I love art too.  But is there any reason that these configurations of expression cannot be fashioned from Clay or some NON-PRECIOUS material?  Would they not be just as beautiful as the Ivory creations?  If not can someone explain why?


----------



## rt3 (Aug 29, 2015)

AZ Jim said:


> Priorities!!  What I think is sad is the destruction of beautiful animals just to satisfy the selfish desires of a few who want a trophy on the top of the TV!!!!!!!!

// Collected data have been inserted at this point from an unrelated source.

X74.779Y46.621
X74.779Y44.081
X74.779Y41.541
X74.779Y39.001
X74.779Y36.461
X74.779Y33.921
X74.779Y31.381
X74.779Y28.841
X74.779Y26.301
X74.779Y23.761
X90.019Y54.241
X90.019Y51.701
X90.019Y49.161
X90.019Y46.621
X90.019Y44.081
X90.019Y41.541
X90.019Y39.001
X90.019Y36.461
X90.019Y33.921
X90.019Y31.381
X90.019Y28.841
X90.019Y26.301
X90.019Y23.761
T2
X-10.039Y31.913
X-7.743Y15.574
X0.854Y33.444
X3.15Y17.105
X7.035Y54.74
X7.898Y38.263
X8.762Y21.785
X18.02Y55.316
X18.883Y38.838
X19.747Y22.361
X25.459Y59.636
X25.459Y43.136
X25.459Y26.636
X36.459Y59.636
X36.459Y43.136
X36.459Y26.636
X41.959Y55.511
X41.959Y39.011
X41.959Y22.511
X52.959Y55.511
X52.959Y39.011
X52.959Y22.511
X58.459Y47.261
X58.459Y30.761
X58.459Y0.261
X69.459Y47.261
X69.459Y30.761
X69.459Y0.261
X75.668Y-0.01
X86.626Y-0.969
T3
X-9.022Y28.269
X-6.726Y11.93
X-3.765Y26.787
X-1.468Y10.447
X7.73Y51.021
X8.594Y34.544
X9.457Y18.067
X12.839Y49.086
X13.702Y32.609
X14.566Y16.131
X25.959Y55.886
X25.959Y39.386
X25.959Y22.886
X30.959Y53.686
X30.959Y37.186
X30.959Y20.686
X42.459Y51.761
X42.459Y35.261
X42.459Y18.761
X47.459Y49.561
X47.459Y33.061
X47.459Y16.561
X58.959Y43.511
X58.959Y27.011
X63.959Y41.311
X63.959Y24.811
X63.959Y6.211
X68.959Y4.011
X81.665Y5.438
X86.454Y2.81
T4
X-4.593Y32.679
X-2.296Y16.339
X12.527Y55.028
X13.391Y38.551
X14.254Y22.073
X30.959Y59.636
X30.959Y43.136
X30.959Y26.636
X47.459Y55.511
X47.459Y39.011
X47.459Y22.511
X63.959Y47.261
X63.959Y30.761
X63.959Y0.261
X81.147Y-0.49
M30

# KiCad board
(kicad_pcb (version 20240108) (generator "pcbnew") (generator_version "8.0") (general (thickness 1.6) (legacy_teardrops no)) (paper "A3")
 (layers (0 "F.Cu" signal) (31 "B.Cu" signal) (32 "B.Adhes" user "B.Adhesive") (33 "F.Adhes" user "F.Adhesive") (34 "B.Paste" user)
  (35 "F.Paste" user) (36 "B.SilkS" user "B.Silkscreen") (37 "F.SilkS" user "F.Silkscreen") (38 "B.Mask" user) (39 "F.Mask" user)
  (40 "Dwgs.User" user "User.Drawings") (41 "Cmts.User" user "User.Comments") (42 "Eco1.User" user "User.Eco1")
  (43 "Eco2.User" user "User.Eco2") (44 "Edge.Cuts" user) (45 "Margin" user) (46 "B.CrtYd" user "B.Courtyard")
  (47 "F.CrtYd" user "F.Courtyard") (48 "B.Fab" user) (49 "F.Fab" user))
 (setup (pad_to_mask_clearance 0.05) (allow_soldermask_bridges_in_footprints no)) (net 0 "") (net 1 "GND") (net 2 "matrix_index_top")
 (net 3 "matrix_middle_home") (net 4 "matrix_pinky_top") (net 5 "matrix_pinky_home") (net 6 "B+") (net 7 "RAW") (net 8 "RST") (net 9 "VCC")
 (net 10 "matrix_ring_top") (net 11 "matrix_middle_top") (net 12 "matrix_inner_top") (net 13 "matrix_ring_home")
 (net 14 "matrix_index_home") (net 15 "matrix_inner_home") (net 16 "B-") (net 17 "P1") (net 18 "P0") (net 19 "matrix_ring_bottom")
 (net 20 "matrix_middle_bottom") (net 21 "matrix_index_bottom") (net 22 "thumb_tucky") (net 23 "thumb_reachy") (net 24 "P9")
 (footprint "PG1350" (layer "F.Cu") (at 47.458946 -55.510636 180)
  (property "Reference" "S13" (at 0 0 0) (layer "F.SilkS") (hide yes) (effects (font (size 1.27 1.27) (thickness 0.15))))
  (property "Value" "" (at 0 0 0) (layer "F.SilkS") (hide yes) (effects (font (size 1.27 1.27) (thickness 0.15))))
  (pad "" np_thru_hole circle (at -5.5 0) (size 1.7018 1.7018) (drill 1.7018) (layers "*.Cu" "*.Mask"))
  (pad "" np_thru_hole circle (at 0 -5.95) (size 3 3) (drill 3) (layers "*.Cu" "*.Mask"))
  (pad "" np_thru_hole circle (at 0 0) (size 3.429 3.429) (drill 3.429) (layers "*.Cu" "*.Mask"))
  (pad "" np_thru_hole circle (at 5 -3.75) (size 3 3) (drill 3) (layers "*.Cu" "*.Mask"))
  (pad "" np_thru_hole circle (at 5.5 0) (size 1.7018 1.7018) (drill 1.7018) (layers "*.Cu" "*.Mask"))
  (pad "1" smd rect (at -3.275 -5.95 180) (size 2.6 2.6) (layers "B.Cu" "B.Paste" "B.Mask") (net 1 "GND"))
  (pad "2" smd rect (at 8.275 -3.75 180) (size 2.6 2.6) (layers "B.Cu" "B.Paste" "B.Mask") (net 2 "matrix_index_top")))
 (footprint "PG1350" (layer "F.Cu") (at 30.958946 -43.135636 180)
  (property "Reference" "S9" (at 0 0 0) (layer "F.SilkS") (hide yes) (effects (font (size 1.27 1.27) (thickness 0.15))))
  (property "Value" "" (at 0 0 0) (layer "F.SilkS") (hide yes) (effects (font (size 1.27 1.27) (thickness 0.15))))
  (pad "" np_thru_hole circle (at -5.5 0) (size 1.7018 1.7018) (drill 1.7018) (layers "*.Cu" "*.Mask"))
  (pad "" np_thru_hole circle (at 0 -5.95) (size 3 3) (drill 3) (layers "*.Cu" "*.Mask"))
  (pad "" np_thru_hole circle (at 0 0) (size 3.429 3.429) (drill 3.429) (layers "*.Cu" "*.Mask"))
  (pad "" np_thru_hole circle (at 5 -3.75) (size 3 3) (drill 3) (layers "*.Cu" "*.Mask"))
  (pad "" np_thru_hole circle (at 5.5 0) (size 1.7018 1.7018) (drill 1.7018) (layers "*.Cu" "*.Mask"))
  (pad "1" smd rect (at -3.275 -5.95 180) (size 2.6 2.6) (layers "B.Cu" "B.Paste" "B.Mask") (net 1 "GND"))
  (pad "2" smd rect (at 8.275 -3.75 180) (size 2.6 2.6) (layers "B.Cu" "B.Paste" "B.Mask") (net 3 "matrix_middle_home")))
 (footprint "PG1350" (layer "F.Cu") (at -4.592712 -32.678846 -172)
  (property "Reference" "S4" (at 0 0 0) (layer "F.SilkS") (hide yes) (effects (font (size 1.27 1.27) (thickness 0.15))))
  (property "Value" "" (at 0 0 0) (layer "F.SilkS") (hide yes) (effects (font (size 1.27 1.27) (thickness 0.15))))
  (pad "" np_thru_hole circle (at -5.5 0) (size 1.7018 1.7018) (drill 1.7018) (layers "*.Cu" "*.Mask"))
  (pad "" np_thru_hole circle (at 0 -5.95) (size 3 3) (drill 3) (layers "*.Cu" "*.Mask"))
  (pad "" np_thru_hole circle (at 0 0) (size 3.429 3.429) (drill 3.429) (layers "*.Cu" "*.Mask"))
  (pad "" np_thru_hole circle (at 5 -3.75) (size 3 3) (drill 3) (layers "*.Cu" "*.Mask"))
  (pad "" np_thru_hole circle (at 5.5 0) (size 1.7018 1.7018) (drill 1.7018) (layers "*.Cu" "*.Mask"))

Way to heavy for a TV. Most trophy hunters are to busy to watch tv. If you want to stop it but a bounty on the poachers as the post is about that and not trophy hunters


----------



## AZ Jim (Aug 29, 2015)

rt3 said:


> Way to heavy for a TV. Most trophy hunters are to busy to watch tv. If you want to stop it but a bounty on the poachers as the post is about that and not trophy hunters



This is not about "trophy" hunters.  It is about those who purchase art pieces made of elephant Ivory.  Trophy hunters is an entirely different subject.  I used the term in my post to identify the people who buy the art pieces made from this illegal material.


----------



## Shirley (Aug 29, 2015)

Is anyone saying that these creations are not art? I am positively not advocating the killing of more elephants. I think anyone caught killing them or in anyway connected to their death should be put in jail for a long, long time.  But it just seems like a shame to destroy artwork that is already created. Maybe confiscate them, put them in a museum, charge admission, take the money to stop the killing and help increase their habitat.


----------



## AZ Jim (Aug 29, 2015)

There is no question about the talent reflected in these art pieces.  They're possession or display helps create the urge to own.  It only serves to add to the problem rather than snuff it out.  My question remains, why can't the same art be made of a material that doesn't require killing a elephant to obtain?


----------



## Shirley (Aug 29, 2015)

I'm not an expert on ivory but I believe that it has a lustrous quality that is impossible to replicate in any other medium.  That doesn't justify the killing of more elephants but why destroy that which we already have? All that money could be used to help us poor folks.


----------



## AZ Jim (Aug 29, 2015)

I would just be repeating myself if I once again express my ideas as to why the right approach was taken in this case.


----------



## BobF (Aug 29, 2015)

If Obama has spoken, it is like a message from heaven to some.


----------



## rt3 (Aug 29, 2015)

It's a politician song and dance. These type of trade ceilings and floor only raise the prices. Take the save the whales people they went out and got some boats and did something. Oh well time for another glass of whine.


----------



## Cookie (Aug 29, 2015)

Shirley said:


> I'm not an expert on ivory but I believe that it has a lustrous quality that is impossible to replicate in any other medium.  That doesn't justify the killing of more elephants but why destroy that which we already have? All that money could be used to help us poor folks.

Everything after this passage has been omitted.